Holenderski trener w świetnym stylu rozpoczął współpracę z BVB, ale po serii zwycięstw nastała długa seria porażek, która doprowadziła do jego dymisji i zatrudnienia Petera Stögera.
? Jeżeli z perspektywy czasu przeanalizujemy wszystko, widać, że była to błędna decyzja z naszej strony. Nie było możliwości, aby poprawić ją w inny sposób. Jest mi bardzo przykro z tego powodu, ale po prostu to nie funkcjonowało tak jak powinno ? powiedział Rauball w wywiadzie dla magazynu Kicker.

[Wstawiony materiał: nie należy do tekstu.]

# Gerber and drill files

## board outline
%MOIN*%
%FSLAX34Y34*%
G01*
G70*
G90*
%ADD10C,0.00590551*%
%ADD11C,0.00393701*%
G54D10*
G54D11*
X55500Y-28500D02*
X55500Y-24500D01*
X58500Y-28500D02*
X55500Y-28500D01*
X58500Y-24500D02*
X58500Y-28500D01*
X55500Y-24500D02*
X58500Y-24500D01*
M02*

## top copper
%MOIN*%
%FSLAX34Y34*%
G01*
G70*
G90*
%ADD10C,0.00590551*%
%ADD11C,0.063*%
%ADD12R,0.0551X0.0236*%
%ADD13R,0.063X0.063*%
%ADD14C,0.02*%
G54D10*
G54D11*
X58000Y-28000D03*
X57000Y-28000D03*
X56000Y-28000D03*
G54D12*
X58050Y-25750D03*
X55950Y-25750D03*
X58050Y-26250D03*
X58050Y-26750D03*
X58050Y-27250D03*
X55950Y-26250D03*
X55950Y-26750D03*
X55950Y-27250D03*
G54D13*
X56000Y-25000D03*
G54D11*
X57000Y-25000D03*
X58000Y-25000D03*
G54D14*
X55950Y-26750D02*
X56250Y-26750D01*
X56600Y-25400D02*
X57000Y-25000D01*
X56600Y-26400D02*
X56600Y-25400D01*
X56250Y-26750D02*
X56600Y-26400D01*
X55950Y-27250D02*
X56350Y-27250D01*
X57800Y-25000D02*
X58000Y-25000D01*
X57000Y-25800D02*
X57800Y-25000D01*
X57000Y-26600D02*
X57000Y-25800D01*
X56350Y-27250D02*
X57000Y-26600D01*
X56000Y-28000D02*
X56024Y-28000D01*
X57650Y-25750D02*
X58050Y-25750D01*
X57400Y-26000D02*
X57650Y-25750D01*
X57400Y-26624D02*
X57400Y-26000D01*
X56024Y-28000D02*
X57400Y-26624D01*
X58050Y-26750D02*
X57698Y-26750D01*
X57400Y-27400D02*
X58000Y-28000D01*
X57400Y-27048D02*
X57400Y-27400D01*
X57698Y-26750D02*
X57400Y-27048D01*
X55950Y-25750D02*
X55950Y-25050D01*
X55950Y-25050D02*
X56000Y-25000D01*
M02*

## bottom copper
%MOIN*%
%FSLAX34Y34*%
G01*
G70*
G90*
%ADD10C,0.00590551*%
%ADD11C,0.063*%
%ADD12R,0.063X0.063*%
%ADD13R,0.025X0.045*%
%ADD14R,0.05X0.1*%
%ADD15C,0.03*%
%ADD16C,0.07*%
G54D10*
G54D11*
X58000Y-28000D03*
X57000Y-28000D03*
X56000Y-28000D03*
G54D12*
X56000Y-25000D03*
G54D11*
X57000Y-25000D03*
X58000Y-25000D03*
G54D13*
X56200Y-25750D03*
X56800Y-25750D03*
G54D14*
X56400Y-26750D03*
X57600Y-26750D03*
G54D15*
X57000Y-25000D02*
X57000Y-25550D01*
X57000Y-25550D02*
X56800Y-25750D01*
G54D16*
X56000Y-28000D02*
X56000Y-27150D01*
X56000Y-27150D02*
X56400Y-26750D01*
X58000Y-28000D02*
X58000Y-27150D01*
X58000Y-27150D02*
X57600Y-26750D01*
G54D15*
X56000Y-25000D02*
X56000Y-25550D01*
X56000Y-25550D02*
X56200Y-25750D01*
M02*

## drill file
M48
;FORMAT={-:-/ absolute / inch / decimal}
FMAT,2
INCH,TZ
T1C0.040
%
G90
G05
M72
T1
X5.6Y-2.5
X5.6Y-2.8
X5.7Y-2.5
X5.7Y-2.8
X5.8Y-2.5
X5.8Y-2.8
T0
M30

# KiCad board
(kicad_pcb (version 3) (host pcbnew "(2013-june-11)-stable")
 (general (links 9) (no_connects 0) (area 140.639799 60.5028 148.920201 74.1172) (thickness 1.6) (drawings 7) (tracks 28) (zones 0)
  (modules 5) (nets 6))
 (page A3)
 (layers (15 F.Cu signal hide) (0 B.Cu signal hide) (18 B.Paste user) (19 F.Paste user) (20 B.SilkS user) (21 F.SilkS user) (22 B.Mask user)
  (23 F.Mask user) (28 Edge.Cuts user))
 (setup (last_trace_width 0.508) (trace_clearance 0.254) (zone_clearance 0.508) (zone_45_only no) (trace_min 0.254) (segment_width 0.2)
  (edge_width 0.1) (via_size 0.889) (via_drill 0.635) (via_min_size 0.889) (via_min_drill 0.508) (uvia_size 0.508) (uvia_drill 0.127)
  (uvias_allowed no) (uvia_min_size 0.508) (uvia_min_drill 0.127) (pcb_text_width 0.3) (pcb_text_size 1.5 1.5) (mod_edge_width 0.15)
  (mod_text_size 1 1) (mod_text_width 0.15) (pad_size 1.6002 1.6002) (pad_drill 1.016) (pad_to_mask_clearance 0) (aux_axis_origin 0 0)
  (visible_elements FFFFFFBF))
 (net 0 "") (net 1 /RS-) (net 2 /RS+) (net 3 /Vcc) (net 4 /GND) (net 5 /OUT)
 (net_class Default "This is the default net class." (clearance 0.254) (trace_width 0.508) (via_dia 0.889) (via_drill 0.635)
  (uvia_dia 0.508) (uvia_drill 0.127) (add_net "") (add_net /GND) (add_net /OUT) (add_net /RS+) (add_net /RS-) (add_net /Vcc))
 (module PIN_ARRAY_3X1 (layer F.Cu) (at 144.78 71.12 180)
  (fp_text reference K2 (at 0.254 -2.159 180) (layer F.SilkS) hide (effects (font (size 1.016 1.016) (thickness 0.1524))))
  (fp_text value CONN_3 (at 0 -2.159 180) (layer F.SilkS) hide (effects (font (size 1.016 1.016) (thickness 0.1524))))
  (pad 1 thru_hole circle (at -2.54 0 180) (size 1.6002 1.6002) (drill 1.016) (layers *.Cu *.Mask F.SilkS) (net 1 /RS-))
  (pad 2 thru_hole circle (at 0 0 180) (size 1.6002 1.6002) (drill 1.016) (layers *.Cu *.Mask F.SilkS))
  (pad 3 thru_hole circle (at 2.54 0 180) (size 1.6002 1.6002) (drill 1.016) (layers *.Cu *.Mask F.SilkS) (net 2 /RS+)))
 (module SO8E (layer F.Cu) (at 144.78 67.31 270)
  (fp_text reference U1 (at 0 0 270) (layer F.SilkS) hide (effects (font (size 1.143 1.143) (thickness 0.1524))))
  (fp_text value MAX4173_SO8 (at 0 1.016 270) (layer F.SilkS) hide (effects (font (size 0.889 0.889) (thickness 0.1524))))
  (pad 8 smd rect (at -1.905 -2.667 270) (size 0.59944 1.39954) (layers F.Cu F.Paste F.Mask) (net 2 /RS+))
  (pad 1 smd rect (at -1.905 2.667 270) (size 0.59944 1.39954) (layers F.Cu F.Paste F.Mask) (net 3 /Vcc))
  (pad 7 smd rect (at -0.635 -2.667 270) (size 0.59944 1.39954) (layers F.Cu F.Paste F.Mask))
  (pad 6 smd rect (at 0.635 -2.667 270) (size 0.59944 1.39954) (layers F.Cu F.Paste F.Mask) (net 1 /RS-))
  (pad 5 smd rect (at 1.905 -2.667 270) (size 0.59944 1.39954) (layers F.Cu F.Paste F.Mask))
  (pad 2 smd rect (at -0.635 2.667 270) (size 0.59944 1.39954) (layers F.Cu F.Paste F.Mask))
  (pad 3 smd rect (at 0.635 2.667 270) (size 0.59944 1.39954) (layers F.Cu F.Paste F.Mask) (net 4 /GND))
  (pad 4 smd rect (at 1.905 2.667 270) (size 0.59944 1.39954) (layers F.Cu F.Paste F.Mask) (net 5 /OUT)))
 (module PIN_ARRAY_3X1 (layer F.Cu) (at 144.78 63.5)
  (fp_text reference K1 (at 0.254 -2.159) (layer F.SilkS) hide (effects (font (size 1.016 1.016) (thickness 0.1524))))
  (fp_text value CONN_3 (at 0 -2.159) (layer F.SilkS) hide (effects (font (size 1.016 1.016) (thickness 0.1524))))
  (pad 1 thru_hole rect (at -2.54 0) (size 1.6002 1.6002) (drill 1.016) (layers *.Cu *.Mask F.SilkS) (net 3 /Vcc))
  (pad 2 thru_hole circle (at 0 0) (size 1.6002 1.6002) (drill 1.016) (layers *.Cu *.Mask F.SilkS) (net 4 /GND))
  (pad 3 thru_hole circle (at 2.54 0) (size 1.6002 1.6002) (drill 1.016) (layers *.Cu *.Mask F.SilkS) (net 5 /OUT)))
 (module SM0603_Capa (layer B.Cu) (at 143.51 65.405)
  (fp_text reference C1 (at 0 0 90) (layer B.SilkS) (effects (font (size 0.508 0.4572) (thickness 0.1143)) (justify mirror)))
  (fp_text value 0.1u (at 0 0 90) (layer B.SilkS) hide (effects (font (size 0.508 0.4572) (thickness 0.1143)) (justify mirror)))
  (pad 1 smd rect (at -0.762 0) (size 0.635 1.143) (layers B.Cu B.Paste B.Mask) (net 3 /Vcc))
  (pad 2 smd rect (at 0.762 0) (size 0.635 1.143) (layers B.Cu B.Paste B.Mask) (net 4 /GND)))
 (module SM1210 (layer B.Cu) (at 144.78 67.945)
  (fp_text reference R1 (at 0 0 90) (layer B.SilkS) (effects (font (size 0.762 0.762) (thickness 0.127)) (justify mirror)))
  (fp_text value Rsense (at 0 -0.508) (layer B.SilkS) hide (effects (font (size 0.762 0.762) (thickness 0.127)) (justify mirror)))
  (pad 1 smd rect (at -1.524 0) (size 1.27 2.54) (layers B.Cu B.Paste B.Mask) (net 2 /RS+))
  (pad 2 smd rect (at 1.524 0) (size 1.27 2.54) (layers B.Cu B.Paste B.Mask) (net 1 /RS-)))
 (gr_line (start 140.97 72.39) (end 140.97 62.23) (angle 90) (layer Edge.Cuts) (width 0.1))
 (gr_line (start 148.59 72.39) (end 140.97 72.39) (angle 90) (layer Edge.Cuts) (width 0.1))
 (gr_line (start 148.59 62.23) (end 148.59 72.39) (angle 90) (layer Edge.Cuts) (width 0.1))
 (gr_line (start 140.97 62.23) (end 148.59 62.23) (angle 90) (layer Edge.Cuts) (width 0.1))
 (segment (start 144.78 63.5) (end 144.78 64.897) (width 0.762) (layer B.Cu) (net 4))
 (segment (start 144.78 64.897) (end 144.272 65.405) (width 0.762) (layer B.Cu) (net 4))
 (segment (start 142.113 67.945) (end 142.875 67.945) (width 0.508) (layer F.Cu) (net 4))
 (segment (start 143.764 64.516) (end 144.78 63.5) (width 0.508) (layer F.Cu) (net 4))
 (segment (start 143.764 67.056) (end 143.764 64.516) (width 0.508) (layer F.Cu) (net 4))
 (segment (start 142.875 67.945) (end 143.764 67.056) (width 0.508) (layer F.Cu) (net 4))
 (segment (start 142.113 69.215) (end 143.129 69.215) (width 0.508) (layer F.Cu) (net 5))
 (segment (start 146.812 63.5) (end 147.32 63.5) (width 0.508) (layer F.Cu) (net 5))
 (segment (start 144.78 65.532) (end 146.812 63.5) (width 0.508) (layer F.Cu) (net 5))
 (segment (start 144.78 67.564) (end 144.78 65.532) (width 0.508) (layer F.Cu) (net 5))
 (segment (start 143.129 69.215) (end 144.78 67.564) (width 0.508) (layer F.Cu) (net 5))
 (segment (start 142.24 71.12) (end 142.301634 71.12) (width 0.508) (layer F.Cu) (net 2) (status C00000))
 (segment (start 146.431 65.405) (end 147.447 65.405) (width 0.508) (layer F.Cu) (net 2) (status 800000))
 (segment (start 145.796 66.04) (end 146.431 65.405) (width 0.508) (layer F.Cu) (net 2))
 (segment (start 145.796 67.625634) (end 145.796 66.04) (width 0.508) (layer F.Cu) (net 2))
 (segment (start 142.301634 71.12) (end 145.796 67.625634) (width 0.508) (layer F.Cu) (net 2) (status 400000))
 (segment (start 142.24 71.12) (end 142.24 68.961) (width 1.778) (layer B.Cu) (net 2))
 (segment (start 142.24 68.961) (end 143.256 67.945) (width 1.778) (layer B.Cu) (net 2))
 (segment (start 147.447 67.945) (end 146.554268 67.945) (width 0.508) (layer F.Cu) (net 1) (status 400000))
 (segment (start 145.796 69.596) (end 147.32 71.12) (width 0.508) (layer F.Cu) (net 1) (status 800000))
 (segment (start 145.796 68.703268) (end 145.796 69.596) (width 0.508) (layer F.Cu) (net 1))
 (segment (start 146.554268 67.945) (end 145.796 68.703268) (width 0.508) (layer F.Cu) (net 1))
 (segment (start 147.32 71.12) (end 147.32 68.961) (width 1.778) (layer B.Cu) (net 1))
 (segment (start 147.32 68.961) (end 146.304 67.945) (width 1.778) (layer B.Cu) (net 1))
 (segment (start 142.24 63.5) (end 142.24 64.897) (width 0.762) (layer B.Cu) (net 3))
 (segment (start 142.24 64.897) (end 142.748 65.405) (width 0.762) (layer B.Cu) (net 3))
 (segment (start 142.113 65.405) (end 142.113 63.627) (width 0.508) (layer F.Cu) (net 3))
 (segment (start 142.113 63.627) (end 142.24 63.5) (width 0.508) (layer F.Cu) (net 3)))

Od 10 grudnia, funkcję trenera Borussii sprawuje wspomniany Peter Stöger.
Tuchcio też miał swoje za uszami tak więc patrząc z biegiem czasu zwolnienie obu panów było dobrą decyzją.
A czy zwolnienie Tuchela sprawiło że Mislinat został?
Poza tym On odszedł przez Watzke nie Tuchela.
Ps. Tak, tak ... Wiem... Popatrzcie na tabele ligi angielskiej.... Gdzie jest Pep, gdzie jest reszta... I gdzie jest nasz Kloppo...
Panie Rauball brawo za to, że ktoś to powiedział głośno, bo nie przypominam sobie, żeby Watzke powiedział, że to był błąd, a chyba on z Zorcem powinni to wziąć na klate. Tak sobie myślę, czy zatrudnienie w lato Stogera nie było by lepsze w skutkach dla nas.. i dla Koln.
W ogóle cała procedura, od momentu kłótni z Tuchelem (a więc zamachu) do szukania na szybko trenera to była jakaś kpina, co pokazuje nieudolność tego zarządu.
Żeby zwalniać trenera, to trzeba mieć jego zastępce, a nie zwolnić i dopiero zastanawiać się kogo na jego miejsce.
Zwolnienie Tuchela patrząc z biegiem czasu było dobrą decyzją?
To oświeć nas Montezumo i to uzasadnij. Tuchel odszedł z BVB. wygrywając puchar na który czekaliśmy 5 lat, a na wiosnę graliśmy w LM. Widzisz jakieś pozytywy i postęp w obecnym zespole w porównaniu do czasów Tuchela? Ja nie widzę.
Szczerze? Wolę żeby szatnią trzęsła osoba z charyzmą i autorytetem dla młodych piłkarzy jak Tuchel, niż Sahin, czy Schmelzer, którzy na boisku nie zostawiają 100%.. Zorcowi i Watzke mogło się to nie podobać, bo w ich interesie jest podporządkowanie całego klubu, w tym piłkarzy. Jakie są tego efekty - widać po rundzie jesiennej. Schmelzer gadający o "walce" po każdym meczu czy Auba mający w nosie treningi i czekający na byle lepszą ofertę z Hiszpanii. Pokładam wielką nadzieję w Stogerze, ale cały ten ruch przyszedł o kilka tygodni za późno, co może mieć konsekwencje w walce o puchary.